Now with the developments in deep freezing and in the smoking of salmon, Scottish salmon is exported to such places as Kuwait, Australia, South Africa, South America, the United States, the West Indies, Nairobi, Bulawayo and Salisbury.

Mr. Rankin

And the industry is still making a loss.

Sir C. Thornton-Kemsley

It is exported—

Mr. Ross

At a loss.

Sir C. Thornton-Kemsley

—and it is a highly competitive business.

Mr. Ross

At a loss.

Sir C. Thornton-Kemsley

Scottish salmon has to compete in Billingsgate Market with great quantities of salmon from Ireland. It is the Irish salmon that, to a large extent, determines the prices at Billingsgate Market.

Mr. Rankin


Sir C. Thornton-Kemsley

The hon.

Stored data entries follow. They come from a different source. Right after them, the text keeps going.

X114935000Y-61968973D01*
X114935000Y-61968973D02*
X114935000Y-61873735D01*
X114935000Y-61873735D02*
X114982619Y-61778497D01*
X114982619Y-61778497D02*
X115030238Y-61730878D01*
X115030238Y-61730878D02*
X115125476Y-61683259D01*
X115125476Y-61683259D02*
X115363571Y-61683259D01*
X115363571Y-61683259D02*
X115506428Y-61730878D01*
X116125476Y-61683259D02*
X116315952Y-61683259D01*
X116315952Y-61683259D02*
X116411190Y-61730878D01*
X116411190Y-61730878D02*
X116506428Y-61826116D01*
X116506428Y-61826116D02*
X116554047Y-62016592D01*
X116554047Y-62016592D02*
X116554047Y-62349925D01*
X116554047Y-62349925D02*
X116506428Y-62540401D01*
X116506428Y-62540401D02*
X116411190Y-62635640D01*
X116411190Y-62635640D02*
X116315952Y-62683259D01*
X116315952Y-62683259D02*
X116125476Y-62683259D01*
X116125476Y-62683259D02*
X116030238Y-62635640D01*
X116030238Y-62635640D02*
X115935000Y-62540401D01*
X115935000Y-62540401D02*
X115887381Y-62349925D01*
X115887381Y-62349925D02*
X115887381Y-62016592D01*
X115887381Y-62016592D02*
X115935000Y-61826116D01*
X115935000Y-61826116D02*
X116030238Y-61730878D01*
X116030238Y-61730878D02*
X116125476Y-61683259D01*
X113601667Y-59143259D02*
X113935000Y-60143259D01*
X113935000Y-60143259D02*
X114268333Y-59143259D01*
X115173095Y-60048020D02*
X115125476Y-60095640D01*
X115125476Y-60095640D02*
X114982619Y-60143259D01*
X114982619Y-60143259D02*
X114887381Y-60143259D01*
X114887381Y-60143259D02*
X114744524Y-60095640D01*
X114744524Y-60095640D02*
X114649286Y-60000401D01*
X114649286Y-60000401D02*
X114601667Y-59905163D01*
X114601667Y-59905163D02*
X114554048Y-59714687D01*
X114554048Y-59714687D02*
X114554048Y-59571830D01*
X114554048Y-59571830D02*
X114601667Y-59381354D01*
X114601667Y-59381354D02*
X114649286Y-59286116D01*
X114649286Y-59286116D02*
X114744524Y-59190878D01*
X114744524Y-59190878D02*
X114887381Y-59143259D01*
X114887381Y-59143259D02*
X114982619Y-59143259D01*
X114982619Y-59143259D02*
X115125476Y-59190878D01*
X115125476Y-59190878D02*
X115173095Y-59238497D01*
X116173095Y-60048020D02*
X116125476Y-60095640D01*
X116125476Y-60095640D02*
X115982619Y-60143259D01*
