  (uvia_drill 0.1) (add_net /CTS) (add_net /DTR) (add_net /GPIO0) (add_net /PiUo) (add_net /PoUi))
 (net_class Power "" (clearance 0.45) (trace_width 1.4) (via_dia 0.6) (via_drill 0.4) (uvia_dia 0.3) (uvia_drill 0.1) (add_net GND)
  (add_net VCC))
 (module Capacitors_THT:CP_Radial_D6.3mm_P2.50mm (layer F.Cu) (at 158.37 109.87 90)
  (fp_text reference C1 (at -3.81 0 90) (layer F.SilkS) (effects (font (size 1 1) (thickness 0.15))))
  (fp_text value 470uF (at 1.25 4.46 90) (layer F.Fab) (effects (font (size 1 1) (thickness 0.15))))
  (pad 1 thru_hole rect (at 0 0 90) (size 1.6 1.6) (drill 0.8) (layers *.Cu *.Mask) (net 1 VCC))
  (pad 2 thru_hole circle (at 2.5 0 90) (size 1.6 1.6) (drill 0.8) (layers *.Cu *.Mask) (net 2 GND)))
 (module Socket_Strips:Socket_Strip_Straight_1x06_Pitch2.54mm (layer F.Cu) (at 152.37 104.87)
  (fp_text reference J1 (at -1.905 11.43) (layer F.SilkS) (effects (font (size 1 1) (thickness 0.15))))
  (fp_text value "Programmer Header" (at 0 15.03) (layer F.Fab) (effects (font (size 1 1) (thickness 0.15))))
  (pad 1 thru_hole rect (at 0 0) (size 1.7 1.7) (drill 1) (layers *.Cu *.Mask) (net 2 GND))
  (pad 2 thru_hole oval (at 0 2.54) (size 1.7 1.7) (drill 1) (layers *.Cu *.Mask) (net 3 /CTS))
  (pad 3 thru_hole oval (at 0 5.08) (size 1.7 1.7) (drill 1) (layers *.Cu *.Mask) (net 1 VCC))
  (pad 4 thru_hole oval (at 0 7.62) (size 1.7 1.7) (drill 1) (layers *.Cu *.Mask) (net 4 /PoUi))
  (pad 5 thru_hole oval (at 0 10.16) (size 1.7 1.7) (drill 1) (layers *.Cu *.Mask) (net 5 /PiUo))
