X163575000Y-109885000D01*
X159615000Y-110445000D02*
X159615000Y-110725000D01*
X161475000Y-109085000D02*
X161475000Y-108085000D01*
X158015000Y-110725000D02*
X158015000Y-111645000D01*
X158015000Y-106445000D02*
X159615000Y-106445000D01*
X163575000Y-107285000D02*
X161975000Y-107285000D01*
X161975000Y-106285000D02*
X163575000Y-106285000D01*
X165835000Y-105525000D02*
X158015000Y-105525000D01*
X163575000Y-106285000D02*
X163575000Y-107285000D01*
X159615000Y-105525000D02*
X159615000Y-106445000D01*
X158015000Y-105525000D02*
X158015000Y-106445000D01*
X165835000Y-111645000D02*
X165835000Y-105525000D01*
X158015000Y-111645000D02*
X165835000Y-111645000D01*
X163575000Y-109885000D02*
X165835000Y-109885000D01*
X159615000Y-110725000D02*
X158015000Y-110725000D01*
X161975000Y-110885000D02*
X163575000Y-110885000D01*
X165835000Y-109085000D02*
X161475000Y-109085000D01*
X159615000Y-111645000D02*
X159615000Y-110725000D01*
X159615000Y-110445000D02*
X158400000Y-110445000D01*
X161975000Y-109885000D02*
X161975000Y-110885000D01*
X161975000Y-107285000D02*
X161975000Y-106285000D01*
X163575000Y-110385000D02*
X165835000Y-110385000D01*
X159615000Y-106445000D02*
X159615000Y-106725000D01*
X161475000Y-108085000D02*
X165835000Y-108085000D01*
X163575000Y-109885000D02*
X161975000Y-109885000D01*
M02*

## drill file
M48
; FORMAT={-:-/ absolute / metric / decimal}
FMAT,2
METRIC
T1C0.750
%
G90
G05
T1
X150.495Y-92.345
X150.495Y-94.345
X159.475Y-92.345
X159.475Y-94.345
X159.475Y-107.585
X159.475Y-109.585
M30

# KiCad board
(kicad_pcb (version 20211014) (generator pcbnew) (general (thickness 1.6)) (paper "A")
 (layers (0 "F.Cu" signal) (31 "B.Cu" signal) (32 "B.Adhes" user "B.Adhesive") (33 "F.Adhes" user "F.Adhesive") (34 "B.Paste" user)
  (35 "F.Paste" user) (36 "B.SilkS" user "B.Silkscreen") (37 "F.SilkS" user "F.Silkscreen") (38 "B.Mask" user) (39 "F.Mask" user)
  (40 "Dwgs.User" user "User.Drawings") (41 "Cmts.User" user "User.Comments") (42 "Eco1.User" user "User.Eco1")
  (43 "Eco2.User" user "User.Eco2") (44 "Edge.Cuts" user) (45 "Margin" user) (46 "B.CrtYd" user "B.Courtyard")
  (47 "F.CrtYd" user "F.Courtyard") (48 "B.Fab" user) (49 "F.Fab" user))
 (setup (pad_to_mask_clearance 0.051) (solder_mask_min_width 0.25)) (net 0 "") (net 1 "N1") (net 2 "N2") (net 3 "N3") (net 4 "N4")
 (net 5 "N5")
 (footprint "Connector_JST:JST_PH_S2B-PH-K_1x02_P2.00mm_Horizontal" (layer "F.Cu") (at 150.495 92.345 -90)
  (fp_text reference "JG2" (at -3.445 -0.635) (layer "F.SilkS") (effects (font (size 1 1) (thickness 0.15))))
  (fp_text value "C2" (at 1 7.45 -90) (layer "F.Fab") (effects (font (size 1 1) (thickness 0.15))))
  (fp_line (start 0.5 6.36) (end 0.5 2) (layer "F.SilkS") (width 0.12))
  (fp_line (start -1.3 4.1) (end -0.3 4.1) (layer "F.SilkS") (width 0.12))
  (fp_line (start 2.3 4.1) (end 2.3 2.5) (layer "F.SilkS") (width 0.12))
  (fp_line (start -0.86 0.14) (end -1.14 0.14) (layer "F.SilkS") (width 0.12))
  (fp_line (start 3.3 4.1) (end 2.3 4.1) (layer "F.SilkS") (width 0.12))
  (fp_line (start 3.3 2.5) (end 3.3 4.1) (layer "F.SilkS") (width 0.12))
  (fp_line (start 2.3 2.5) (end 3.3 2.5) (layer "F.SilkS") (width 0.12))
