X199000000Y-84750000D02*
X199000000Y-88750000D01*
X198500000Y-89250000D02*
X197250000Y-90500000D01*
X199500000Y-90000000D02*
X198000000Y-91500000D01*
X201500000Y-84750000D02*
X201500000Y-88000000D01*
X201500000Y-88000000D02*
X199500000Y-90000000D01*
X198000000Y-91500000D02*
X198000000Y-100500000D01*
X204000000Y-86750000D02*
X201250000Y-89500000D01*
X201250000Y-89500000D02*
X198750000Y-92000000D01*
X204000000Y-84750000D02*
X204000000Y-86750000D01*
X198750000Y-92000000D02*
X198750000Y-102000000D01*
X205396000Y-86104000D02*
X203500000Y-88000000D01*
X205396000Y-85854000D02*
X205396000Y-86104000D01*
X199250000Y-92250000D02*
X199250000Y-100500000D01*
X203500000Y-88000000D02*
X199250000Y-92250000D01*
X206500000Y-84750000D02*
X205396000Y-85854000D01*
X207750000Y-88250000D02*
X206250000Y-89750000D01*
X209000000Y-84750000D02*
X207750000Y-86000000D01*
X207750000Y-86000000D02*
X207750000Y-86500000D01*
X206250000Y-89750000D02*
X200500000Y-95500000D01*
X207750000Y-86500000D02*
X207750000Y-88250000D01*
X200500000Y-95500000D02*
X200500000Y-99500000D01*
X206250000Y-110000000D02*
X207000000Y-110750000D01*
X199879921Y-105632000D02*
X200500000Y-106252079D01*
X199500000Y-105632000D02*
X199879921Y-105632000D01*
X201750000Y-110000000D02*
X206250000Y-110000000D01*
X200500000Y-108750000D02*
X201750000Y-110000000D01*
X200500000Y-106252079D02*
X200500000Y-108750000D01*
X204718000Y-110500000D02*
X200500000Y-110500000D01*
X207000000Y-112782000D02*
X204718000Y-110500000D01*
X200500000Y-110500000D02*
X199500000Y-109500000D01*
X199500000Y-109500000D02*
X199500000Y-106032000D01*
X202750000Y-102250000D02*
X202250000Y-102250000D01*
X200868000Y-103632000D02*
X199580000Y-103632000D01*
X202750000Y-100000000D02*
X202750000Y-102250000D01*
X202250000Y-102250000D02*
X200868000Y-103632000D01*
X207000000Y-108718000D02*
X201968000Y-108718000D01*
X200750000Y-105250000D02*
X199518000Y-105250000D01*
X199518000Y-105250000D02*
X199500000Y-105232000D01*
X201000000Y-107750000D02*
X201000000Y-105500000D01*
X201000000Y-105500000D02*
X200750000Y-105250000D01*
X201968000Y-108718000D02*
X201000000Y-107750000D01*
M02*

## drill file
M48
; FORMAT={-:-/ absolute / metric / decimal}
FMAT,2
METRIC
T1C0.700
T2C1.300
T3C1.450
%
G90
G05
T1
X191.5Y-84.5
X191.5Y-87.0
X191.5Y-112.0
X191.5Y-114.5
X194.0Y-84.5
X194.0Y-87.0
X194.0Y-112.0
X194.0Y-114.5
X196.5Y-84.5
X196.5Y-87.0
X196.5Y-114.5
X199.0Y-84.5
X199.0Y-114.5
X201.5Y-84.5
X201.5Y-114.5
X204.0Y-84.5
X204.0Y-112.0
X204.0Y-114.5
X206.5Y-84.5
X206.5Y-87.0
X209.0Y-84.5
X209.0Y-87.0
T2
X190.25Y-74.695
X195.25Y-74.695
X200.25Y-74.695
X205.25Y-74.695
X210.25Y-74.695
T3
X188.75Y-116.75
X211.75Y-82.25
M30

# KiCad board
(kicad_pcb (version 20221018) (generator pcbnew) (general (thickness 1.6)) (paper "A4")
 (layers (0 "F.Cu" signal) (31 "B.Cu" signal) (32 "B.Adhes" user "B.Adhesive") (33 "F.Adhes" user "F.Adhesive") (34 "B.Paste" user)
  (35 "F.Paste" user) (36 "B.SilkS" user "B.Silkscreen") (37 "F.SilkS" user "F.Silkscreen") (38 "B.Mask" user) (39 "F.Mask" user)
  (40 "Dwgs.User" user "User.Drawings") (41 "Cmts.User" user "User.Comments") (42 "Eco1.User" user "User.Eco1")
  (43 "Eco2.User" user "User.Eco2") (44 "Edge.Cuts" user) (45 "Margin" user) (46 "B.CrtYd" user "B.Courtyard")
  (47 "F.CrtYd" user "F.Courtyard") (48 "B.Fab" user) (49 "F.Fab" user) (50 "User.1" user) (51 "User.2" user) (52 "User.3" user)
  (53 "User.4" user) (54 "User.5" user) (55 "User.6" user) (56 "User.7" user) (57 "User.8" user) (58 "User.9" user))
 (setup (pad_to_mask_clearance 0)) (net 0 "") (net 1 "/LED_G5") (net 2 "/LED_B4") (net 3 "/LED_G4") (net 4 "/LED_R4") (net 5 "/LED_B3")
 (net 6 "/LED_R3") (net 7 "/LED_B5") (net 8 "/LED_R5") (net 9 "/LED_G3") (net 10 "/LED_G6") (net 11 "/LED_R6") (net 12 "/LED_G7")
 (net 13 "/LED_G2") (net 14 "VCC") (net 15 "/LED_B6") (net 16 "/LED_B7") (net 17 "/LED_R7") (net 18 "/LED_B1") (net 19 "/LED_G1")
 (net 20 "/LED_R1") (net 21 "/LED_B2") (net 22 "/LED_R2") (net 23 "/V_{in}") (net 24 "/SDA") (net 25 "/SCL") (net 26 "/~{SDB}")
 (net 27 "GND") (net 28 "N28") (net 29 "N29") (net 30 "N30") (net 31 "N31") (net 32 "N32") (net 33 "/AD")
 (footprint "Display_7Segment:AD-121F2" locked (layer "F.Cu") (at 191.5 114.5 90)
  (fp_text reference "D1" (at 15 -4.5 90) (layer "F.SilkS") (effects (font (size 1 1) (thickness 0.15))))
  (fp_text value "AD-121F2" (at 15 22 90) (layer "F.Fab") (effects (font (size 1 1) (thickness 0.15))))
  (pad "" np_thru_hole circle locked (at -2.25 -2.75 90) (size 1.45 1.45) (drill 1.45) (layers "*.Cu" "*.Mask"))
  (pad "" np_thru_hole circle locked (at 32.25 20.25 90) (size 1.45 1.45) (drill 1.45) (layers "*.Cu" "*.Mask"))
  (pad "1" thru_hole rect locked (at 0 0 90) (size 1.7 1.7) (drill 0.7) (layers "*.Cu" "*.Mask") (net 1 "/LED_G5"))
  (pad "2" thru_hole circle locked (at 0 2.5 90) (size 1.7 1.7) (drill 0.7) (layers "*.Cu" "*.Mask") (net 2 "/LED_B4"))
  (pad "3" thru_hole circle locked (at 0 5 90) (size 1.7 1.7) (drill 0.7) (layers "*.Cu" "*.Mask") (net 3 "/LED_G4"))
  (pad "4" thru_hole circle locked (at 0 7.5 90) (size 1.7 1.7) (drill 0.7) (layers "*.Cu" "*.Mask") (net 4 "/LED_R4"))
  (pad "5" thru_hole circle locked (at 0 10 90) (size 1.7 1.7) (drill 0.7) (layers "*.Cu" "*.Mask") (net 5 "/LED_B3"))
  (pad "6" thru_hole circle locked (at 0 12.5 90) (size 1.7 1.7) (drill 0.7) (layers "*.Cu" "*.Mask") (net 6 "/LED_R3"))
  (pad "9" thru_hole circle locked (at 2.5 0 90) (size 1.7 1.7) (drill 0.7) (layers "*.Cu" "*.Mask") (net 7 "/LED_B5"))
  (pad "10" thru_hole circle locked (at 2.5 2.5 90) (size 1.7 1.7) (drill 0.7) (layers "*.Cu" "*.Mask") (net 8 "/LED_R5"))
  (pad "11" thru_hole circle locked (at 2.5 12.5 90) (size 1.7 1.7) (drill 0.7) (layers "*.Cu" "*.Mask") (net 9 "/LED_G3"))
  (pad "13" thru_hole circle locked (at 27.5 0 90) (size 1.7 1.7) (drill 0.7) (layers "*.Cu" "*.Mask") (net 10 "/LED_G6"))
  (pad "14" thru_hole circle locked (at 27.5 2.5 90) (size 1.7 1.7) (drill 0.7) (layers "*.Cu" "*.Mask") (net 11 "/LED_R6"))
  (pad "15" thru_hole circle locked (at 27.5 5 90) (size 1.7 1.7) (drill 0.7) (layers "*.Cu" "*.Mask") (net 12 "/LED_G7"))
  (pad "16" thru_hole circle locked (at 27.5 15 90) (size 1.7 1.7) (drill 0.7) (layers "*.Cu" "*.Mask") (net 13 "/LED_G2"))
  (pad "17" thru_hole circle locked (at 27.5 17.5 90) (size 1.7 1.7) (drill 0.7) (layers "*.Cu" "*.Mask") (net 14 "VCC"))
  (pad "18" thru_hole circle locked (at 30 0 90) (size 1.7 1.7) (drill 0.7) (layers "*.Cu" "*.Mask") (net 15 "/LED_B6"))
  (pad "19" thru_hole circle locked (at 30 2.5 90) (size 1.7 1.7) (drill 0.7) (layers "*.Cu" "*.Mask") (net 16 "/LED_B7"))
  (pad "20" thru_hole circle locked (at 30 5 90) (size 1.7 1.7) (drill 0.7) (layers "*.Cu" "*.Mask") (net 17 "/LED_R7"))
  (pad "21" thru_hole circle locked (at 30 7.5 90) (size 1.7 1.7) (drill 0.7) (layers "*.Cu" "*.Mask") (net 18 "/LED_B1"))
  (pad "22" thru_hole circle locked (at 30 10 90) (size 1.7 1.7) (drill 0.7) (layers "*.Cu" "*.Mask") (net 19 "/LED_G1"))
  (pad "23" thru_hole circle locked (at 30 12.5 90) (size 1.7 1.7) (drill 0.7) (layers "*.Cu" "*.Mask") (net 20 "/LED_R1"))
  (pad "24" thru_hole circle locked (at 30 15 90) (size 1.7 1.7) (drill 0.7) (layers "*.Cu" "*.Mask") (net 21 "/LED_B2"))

Member asks, "Why?" The reason is that it comes in in larger quantities.

I took the trouble to get out some figures for the last ten years which show that deliveries into Billingsgate Market between 1946 and 1956 included 18,300 boxes of salmon, of which 6,350 came from Scotland and 7,300 boxes came from Ireland. So that it is the Irish salmon which, to a large extent, controls the prices at Billingsgate. This morning the figures of deliveries of salmon to Billingsgate Market show that out of 500 to 600 boxes most of them were Irish grilse.

The other and the more potent reason why I welcome this Amendment is that although I admit and agree with the hon. Member for Hamilton that there are big firms in the business which, taking one year with another, are making big money, at the other end of the scale there are a number of very small men. There are a number of share fishermen, small individuals carrying out this salmon net fishing on their own account. It is these businesses, operated on small margins, which have been making losses and are going out of business, and that is a serious thing.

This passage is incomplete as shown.